Question

A tunnel of length L=150 m, height H=7.2 m, and width 5.8 m (with a flat roof) is to be constructed at distance d=60 m beneath the ground. (See the Figure.) The tunnel roof is to be supported entirely by square steel columns, each with a cross-sectional area of 960 cm². The mass of 1.0 cm³ of the ground material is 2.8 g. (a) What is the total weight of the ground material the columns must support? (b) How many columns are needed to keep the compressive stress on each column at one-half its ultimate strength?

Short answer

1. The total weight of the ground material the columns must support is $1.4\times {10}^9\mathrm{N}$.
2. Number of columns that are needed to keep are 75.

Step-by-step solution

Determine the given quantities

1. A tunnel of length L=150 m and height H=7.2 m and width 5.8 m which is at distance, d=60 m
2. Area of tunnel roof is 960 cm²
3. Mass of 1.0 cm³ of the ground material is 2.8 g

Determine the formulas:

Consider the formula for the density as:

$\mathrm{\rho }=\frac{\mathrm{m}}{\mathrm{v}}$ ….. (i)

Here, $\mathrm{\rho }$is density of the material, m is mass, and v is volume.

Consider the formula for the weight as:

w=mg ……. (ii)

Here, w is weight, m is mass, and g is gravitational acceleration.

(a) Determine the total weight of the ground material the columns must support

Determine the area of the roof as:

$\begin{array}{rcl}\mathrm{A}& =& 150\mathrm{m}\times 5.8\mathrm{m}\\ & =& 870{\mathrm{m}}^2\end{array}$

Consider the volume of the material is obtained as:

$\begin{array}{rcl}\mathrm{V}& =& \mathrm{A}\times \mathrm{d}\\ & =& 870{\mathrm{m}}^2\times 60\mathrm{m}\\ & =& 52200{\mathrm{m}}^3\end{array}$

Solve for the density of the material as:

$\begin{array}{rcl}\mathrm{\rho }& =& 2.8\frac{\mathrm{g}}{{\mathrm{cm}}^3}\\ & =& 2800\frac{\mathrm{kg}}{{\mathrm{m}}^3}\end{array}$

Determine the mass using equation (i) as,

$\begin{array}{rcl}\mathrm{\rho }& =& \frac{\mathrm{m}}{\mathrm{v}}\\ \mathrm{m}& =& \mathrm{\rho }\times \mathrm{v}\\ & =& 2800\mathrm{kg}/{\mathrm{m}}^3\times 52200{\mathrm{m}}^3\\ & =& 1.46\times {10}^8\mathrm{kg}\end{array}$

Use the equation (ii) to find the weight.

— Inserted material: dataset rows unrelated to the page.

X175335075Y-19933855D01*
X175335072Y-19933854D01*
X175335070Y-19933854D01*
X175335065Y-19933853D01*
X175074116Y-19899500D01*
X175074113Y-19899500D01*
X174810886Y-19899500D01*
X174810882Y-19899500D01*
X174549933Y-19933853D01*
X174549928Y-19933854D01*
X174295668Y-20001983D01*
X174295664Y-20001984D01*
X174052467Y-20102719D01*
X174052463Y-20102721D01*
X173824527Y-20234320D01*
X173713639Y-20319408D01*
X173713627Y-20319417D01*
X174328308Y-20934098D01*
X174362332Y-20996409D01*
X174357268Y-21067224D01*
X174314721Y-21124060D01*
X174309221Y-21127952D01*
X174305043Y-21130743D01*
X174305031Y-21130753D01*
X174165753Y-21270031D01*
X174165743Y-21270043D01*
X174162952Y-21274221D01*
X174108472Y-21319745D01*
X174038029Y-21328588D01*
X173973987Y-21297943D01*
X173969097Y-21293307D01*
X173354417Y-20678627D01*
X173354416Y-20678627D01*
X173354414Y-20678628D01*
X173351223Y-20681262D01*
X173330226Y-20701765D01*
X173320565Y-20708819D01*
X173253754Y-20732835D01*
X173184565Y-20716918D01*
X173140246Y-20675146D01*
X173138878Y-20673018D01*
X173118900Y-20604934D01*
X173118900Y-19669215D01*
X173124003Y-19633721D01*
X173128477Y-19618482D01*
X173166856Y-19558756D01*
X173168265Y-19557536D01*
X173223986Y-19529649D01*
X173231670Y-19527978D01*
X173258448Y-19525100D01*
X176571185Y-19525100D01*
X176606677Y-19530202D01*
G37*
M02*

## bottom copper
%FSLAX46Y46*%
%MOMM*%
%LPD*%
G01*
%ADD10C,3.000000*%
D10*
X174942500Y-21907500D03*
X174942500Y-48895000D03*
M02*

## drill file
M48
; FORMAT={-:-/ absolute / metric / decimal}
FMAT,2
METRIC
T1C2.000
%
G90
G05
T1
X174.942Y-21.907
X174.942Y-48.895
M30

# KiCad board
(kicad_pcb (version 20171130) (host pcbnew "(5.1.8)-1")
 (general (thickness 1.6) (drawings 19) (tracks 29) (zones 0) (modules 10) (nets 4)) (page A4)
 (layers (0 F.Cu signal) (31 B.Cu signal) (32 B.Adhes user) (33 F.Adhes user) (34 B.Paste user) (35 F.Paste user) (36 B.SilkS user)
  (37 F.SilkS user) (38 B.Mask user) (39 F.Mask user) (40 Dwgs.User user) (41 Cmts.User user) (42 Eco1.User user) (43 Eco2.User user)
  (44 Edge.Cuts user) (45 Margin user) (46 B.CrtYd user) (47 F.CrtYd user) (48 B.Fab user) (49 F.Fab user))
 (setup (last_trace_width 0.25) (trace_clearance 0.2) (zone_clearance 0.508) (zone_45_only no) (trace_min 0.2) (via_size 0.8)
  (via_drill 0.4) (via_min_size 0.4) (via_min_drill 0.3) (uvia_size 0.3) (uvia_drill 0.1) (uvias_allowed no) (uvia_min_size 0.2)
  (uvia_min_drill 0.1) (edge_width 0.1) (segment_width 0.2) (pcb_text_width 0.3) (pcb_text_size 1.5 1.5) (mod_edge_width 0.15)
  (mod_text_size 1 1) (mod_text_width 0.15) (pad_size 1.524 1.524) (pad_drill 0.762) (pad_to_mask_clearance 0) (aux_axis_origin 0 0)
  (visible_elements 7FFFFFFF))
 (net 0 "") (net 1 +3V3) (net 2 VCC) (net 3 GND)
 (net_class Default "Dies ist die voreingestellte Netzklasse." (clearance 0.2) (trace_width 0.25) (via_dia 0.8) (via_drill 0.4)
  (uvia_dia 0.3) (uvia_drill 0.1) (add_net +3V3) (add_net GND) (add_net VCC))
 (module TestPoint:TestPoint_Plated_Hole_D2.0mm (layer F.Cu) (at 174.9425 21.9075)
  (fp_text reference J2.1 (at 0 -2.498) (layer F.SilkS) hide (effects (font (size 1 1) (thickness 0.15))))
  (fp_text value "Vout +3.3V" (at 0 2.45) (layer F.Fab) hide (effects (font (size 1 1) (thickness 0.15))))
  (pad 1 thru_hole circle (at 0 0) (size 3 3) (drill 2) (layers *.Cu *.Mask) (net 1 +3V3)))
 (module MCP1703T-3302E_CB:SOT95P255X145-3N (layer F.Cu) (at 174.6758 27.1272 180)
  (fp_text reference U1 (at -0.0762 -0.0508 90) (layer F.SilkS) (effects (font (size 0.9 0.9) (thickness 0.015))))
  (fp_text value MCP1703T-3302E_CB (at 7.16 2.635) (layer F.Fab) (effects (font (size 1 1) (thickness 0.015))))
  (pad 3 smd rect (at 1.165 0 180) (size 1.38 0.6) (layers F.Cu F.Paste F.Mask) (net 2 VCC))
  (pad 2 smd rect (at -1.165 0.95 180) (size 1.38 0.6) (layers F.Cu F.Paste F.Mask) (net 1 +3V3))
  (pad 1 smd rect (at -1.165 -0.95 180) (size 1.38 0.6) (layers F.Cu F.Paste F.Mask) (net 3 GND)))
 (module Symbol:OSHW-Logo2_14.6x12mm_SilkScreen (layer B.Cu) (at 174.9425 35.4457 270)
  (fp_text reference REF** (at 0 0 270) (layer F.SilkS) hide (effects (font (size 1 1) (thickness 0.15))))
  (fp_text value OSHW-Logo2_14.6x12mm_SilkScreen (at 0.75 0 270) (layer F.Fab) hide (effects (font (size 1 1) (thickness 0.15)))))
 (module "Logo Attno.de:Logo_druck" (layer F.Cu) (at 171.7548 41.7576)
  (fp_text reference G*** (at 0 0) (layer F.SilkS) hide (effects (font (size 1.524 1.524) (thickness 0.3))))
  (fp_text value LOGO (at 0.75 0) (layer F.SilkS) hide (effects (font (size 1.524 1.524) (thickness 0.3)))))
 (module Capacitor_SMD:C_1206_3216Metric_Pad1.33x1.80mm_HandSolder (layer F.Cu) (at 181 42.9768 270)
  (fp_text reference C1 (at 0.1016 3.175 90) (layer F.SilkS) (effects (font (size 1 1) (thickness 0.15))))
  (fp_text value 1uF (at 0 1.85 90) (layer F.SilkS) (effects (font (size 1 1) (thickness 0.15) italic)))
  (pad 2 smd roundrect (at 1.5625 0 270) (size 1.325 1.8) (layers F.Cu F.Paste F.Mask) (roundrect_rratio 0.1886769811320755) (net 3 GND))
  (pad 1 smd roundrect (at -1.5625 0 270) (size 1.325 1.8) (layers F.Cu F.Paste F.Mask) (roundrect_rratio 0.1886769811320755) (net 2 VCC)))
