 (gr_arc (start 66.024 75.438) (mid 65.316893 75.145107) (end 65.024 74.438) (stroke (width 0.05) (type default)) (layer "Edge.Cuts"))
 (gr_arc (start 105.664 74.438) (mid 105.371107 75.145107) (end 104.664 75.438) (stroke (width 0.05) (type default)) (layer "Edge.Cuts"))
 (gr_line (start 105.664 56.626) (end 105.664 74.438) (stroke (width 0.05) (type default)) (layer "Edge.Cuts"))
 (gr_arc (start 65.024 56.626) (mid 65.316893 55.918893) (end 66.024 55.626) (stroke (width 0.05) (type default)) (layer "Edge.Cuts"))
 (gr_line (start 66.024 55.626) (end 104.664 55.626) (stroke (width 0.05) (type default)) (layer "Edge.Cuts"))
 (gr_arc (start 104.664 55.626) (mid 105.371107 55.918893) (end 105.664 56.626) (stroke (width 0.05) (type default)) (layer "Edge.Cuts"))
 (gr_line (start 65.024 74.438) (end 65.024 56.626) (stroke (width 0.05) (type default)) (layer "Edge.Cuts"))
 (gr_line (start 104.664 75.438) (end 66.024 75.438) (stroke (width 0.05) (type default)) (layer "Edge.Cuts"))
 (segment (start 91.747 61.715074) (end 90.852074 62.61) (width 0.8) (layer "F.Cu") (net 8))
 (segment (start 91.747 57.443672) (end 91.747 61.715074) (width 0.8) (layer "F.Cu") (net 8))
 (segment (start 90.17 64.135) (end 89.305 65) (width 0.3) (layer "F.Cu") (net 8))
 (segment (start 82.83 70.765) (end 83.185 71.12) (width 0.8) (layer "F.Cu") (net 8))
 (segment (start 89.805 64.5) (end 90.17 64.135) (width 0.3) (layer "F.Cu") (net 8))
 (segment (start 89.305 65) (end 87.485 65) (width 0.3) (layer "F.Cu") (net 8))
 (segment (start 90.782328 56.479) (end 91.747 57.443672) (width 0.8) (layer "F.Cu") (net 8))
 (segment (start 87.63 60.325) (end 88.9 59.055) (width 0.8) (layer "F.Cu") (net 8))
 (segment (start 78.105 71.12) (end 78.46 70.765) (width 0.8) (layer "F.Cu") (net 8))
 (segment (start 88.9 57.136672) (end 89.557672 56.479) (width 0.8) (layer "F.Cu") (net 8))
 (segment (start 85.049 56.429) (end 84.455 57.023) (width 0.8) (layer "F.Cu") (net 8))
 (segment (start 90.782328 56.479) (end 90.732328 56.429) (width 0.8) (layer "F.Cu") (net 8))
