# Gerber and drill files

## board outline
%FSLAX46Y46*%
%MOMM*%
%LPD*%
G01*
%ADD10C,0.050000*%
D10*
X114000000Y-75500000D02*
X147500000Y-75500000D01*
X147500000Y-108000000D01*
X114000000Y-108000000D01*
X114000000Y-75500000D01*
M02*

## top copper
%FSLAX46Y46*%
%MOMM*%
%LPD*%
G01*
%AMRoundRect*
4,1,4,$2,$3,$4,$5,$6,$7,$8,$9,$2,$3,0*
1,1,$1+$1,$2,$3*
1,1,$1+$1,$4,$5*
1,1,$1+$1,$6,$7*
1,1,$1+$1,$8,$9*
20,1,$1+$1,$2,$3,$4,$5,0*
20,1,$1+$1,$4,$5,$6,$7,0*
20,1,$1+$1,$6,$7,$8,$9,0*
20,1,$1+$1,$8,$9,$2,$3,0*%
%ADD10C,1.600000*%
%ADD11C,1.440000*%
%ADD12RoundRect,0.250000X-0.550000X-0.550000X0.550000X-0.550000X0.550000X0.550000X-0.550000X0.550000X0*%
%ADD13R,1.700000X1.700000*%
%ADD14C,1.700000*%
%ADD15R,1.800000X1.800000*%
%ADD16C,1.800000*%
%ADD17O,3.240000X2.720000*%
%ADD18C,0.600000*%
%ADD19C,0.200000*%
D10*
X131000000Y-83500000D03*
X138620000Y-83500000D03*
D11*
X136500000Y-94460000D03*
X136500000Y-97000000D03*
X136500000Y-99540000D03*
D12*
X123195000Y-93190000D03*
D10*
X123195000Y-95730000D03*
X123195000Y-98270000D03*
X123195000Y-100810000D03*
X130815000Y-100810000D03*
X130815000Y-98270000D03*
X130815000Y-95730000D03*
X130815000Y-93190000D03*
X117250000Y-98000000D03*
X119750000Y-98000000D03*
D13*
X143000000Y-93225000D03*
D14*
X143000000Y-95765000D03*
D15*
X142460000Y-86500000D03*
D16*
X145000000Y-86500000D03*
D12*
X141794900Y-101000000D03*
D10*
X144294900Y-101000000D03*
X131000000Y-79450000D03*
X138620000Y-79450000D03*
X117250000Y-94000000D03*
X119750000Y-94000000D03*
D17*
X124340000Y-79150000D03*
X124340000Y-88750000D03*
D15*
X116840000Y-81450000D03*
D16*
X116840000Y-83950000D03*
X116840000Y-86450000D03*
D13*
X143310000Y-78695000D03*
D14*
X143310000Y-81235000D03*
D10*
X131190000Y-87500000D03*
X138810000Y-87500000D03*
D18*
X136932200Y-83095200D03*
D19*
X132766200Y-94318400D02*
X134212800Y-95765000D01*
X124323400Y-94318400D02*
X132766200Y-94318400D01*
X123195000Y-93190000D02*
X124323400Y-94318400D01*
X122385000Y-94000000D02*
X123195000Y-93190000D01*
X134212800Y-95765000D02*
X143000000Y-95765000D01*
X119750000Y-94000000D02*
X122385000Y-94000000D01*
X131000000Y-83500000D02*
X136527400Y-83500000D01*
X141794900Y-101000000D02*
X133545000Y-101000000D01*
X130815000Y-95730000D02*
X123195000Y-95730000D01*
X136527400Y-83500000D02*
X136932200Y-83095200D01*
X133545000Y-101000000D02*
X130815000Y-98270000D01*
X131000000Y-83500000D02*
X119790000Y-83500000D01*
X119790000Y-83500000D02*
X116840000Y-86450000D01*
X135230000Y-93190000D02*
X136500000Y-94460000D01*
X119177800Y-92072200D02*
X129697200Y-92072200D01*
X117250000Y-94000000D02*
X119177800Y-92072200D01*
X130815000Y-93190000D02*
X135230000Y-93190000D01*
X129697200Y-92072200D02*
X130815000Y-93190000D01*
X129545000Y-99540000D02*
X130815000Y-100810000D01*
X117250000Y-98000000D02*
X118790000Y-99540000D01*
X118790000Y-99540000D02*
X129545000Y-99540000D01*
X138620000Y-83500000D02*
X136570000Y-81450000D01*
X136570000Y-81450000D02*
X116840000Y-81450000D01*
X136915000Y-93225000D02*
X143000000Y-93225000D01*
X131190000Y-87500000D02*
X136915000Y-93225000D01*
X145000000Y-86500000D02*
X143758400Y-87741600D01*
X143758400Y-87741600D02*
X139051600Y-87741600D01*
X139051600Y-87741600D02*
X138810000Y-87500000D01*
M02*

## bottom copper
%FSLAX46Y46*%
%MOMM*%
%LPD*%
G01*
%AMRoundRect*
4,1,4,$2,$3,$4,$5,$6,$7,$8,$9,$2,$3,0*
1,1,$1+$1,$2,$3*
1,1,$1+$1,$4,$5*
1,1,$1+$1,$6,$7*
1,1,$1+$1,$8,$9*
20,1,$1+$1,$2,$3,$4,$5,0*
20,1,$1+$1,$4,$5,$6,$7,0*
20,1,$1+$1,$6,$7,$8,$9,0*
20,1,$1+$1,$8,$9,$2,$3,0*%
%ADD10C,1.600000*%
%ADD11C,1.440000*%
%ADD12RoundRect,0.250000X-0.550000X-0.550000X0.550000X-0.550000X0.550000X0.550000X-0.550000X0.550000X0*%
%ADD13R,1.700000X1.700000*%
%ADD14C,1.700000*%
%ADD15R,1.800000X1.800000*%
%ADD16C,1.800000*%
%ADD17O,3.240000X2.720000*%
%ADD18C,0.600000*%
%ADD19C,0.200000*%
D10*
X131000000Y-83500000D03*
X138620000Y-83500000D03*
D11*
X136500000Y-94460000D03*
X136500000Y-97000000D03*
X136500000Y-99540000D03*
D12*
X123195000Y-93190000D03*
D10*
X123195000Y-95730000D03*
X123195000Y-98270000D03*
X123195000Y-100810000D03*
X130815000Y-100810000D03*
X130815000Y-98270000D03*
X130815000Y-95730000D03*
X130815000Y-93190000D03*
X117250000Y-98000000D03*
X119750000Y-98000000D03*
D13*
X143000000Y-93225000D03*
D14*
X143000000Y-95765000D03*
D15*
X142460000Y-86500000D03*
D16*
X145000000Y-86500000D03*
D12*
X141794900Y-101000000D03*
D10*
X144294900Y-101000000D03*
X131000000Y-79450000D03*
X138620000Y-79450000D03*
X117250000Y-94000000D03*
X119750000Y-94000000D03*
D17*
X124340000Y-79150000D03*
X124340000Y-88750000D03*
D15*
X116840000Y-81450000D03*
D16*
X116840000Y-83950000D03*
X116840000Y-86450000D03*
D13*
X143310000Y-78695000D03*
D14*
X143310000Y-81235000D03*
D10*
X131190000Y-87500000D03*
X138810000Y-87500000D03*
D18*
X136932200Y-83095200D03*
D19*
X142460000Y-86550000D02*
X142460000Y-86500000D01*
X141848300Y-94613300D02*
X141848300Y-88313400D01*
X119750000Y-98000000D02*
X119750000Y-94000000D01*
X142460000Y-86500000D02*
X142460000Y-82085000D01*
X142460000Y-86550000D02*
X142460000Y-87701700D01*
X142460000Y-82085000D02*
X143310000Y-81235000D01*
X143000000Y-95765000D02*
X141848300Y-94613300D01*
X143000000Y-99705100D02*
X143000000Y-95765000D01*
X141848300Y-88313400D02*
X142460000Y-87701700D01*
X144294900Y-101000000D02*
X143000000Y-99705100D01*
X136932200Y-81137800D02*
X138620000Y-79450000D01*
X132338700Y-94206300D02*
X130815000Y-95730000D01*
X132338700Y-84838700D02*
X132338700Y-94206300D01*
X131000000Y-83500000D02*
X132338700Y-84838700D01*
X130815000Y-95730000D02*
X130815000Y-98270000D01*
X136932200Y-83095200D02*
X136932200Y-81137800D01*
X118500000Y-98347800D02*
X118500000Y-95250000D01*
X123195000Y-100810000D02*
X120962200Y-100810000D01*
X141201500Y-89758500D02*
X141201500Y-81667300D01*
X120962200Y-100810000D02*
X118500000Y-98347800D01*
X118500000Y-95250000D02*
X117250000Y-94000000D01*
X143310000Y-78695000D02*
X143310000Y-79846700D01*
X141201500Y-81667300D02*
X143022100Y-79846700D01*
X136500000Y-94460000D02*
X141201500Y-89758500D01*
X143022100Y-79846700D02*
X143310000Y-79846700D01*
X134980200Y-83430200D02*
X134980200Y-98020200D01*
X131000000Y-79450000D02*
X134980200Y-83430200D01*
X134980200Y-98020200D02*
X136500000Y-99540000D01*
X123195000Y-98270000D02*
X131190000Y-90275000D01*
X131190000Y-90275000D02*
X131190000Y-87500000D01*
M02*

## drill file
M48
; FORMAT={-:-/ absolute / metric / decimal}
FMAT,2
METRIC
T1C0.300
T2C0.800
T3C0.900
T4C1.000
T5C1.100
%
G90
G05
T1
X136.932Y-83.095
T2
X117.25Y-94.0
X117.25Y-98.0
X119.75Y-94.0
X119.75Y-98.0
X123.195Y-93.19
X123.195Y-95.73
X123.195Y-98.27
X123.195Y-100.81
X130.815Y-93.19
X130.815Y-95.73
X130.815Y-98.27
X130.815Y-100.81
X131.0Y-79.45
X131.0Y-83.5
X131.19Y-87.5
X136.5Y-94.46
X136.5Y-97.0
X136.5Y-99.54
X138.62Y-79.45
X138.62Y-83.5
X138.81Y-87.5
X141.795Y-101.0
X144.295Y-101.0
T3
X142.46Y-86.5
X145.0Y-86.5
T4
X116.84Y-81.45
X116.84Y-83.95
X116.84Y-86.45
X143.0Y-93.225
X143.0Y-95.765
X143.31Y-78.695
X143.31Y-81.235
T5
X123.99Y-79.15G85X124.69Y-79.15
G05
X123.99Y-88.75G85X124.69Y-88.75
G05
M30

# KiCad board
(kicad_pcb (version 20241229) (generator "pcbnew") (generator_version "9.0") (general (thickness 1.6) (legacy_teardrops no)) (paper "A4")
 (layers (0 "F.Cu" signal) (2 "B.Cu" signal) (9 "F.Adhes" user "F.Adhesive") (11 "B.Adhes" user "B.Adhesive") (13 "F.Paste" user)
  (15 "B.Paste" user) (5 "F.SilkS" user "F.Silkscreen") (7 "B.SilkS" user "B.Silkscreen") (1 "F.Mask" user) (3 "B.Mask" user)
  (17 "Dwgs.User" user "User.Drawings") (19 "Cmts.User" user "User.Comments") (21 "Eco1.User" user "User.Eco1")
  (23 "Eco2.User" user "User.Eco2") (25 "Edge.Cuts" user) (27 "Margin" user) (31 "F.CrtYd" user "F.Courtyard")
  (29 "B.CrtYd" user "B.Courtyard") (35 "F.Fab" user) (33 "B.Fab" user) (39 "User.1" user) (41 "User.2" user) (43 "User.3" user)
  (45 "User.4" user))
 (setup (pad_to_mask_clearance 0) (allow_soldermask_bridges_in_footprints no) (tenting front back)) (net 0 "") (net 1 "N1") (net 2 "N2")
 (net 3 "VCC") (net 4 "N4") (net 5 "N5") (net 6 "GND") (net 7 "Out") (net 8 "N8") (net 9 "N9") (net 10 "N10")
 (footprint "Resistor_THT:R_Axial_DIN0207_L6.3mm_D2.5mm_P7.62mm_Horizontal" (layer "F.Cu") (at 131 83.5)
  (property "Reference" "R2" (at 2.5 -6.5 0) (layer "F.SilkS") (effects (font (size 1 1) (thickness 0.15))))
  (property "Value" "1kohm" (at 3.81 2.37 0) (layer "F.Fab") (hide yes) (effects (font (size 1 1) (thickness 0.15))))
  (pad "1" thru_hole circle (at 0 0) (size 1.6 1.6) (drill 0.8) (layers "*.Cu" "*.Mask") (remove_unused_layers no) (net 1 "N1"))
  (pad "2" thru_hole circle (at 7.62 0) (size 1.6 1.6) (drill 0.8) (layers "*.Cu" "*.Mask") (remove_unused_layers no) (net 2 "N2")))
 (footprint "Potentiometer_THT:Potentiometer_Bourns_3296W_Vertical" (layer "F.Cu") (at 136.5 94.46 90)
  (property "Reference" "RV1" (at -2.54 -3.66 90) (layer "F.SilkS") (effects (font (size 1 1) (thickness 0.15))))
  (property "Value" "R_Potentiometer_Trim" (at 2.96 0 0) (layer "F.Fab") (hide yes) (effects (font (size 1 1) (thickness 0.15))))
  (pad "1" thru_hole circle (at 0 0 90) (size 1.44 1.44) (drill 0.8) (layers "*.Cu" "*.Mask") (remove_unused_layers no) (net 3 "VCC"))
  (pad "2" thru_hole circle (at -2.54 0 90) (size 1.44 1.44) (drill 0.8) (layers "*.Cu" "*.Mask") (remove_unused_layers no) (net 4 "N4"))
  (pad "3" thru_hole circle (at -5.08 0 90) (size 1.44 1.44) (drill 0.8) (layers "*.Cu" "*.Mask") (remove_unused_layers no) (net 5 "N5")))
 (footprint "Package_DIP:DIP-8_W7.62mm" (layer "F.Cu") (at 123.195 93.19)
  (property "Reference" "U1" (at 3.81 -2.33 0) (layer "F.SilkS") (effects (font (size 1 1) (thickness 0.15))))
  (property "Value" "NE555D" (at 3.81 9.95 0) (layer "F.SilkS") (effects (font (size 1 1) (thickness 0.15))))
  (pad "1" thru_hole roundrect (at 0 0) (size 1.6 1.6) (drill 0.8) (layers "*.Cu" "*.Mask") (remove_unused_layers no)
   (roundrect_rratio 0.15625) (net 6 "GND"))
  (pad "2" thru_hole circle (at 0 2.54) (size 1.6 1.6) (drill 0.8) (layers "*.Cu" "*.Mask") (remove_unused_layers no) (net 1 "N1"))
  (pad "3" thru_hole circle (at 0 5.08) (size 1.6 1.6) (drill 0.8) (layers "*.Cu" "*.Mask") (remove_unused_layers no) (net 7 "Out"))
  (pad "4" thru_hole circle (at 0 7.62) (size 1.6 1.6) (drill 0.8) (layers "*.Cu" "*.Mask") (remove_unused_layers no) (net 3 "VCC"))
  (pad "5" thru_hole circle (at 7.62 7.62) (size 1.6 1.6) (drill 0.8) (layers "*.Cu" "*.Mask") (remove_unused_layers no) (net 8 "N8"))
  (pad "6" thru_hole circle (at 7.62 5.08) (size 1.6 1.6) (drill 0.8) (layers "*.Cu" "*.Mask") (remove_unused_layers no) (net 1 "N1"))
  (pad "7" thru_hole circle (at 7.62 2.54) (size 1.6 1.6) (drill 0.8) (layers "*.Cu" "*.Mask") (remove_unused_layers no) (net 1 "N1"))
  (pad "8" thru_hole circle (at 7.62 0) (size 1.6 1.6) (drill 0.8) (layers "*.Cu" "*.Mask") (remove_unused_layers no) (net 3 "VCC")))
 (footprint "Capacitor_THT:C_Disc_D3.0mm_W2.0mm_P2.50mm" (layer "F.Cu") (at 117.25 98)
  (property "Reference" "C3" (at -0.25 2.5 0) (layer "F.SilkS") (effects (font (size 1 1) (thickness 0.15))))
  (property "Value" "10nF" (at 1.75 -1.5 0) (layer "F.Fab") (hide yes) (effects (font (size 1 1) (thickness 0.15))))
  (pad "1" thru_hole circle (at 0 0) (size 1.6 1.6) (drill 0.8) (layers "*.Cu" "*.Mask") (remove_unused_layers no) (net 8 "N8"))
  (pad "2" thru_hole circle (at 2.5 0) (size 1.6 1.6) (drill 0.8) (layers "*.Cu" "*.Mask") (remove_unused_layers no) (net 6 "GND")))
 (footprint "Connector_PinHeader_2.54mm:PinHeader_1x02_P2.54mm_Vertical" (layer "F.Cu") (at 143 93.225)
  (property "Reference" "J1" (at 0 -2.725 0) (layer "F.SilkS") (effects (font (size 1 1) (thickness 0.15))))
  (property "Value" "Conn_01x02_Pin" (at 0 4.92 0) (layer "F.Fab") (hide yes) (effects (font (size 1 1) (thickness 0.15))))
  (pad "1" thru_hole rect (at 0 0) (size 1.7 1.7) (drill 1) (layers "*.Cu" "*.Mask") (remove_unused_layers no) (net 7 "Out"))
  (pad "2" thru_hole circle (at 0 2.54) (size 1.7 1.7) (drill 1) (layers "*.Cu" "*.Mask") (remove_unused_layers no) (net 6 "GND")))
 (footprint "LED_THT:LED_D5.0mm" (layer "F.Cu") (at 142.46 86.5)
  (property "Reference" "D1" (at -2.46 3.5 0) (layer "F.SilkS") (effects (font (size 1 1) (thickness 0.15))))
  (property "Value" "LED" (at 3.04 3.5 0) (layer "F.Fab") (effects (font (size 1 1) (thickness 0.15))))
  (pad "1" thru_hole rect (at 0 0) (size 1.8 1.8) (drill 0.9) (layers "*.Cu" "*.Mask") (remove_unused_layers no) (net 6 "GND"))
  (pad "2" thru_hole circle (at 2.54 0) (size 1.8 1.8) (drill 0.9) (layers "*.Cu" "*.Mask") (remove_unused_layers no) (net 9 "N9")))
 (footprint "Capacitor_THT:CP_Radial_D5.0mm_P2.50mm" (layer "F.Cu") (at 141.7949 101)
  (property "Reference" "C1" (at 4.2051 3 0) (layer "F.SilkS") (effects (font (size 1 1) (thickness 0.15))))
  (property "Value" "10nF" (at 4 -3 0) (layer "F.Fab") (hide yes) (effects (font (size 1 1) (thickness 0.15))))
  (pad "1" thru_hole roundrect (at 0 0) (size 1.6 1.6) (drill 0.8) (layers "*.Cu" "*.Mask") (remove_unused_layers no)
   (roundrect_rratio 0.15625) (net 1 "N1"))
  (pad "2" thru_hole circle (at 2.5 0) (size 1.6 1.6) (drill 0.8) (layers "*.Cu" "*.Mask") (remove_unused_layers no) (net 6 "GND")))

$\begin{array}{rcl}\mathrm{w}& =& \mathrm{mg}\\ & =& 1.46\times {10}^3\mathrm{kg}\times 9.8\mathrm{m}/{\mathrm{s}}^2\\ & =& 1.4\times {10}^9\mathrm{N}\end{array}$

Therefore, the weight of the ground material the column must support is $1.4\times {10}^9\mathrm{N}$.

(b) Determine the number of columns to keep the compressive stress on each column at one-half its ultimate strength

Consider the ultimate strength of the steel is$400\times {10}^6\frac{\mathrm{N}}{{\mathrm{m}}^2}$. Multiplying it by area of the column would give us the strength of the columns. All the columns should support the weight of the ground and compressive stress on each column should be less than half of the ultimate strength, so we have:

$\mathrm{n}=\frac{\mathrm{w}}{{\displaystyle \frac{1}{2}}\times \mathrm{P}\times \mathrm{A}}$

Substitute the values and solve as:

$\begin{array}{rcl}\mathrm{n}& =& \frac{1.4\times {10}^9\mathrm{N}}{{\displaystyle \frac{1}{2}}\times 400\times {10}^6\mathrm{N}/{\mathrm{m}}^2\times 960\times {10}^{-4}{\mathrm{m}}^2}\\ & =& 75\end{array}$

Therefore, the number of columns that are needed to keep compressive stress on each column should be less than half of the ultimate strength is 75.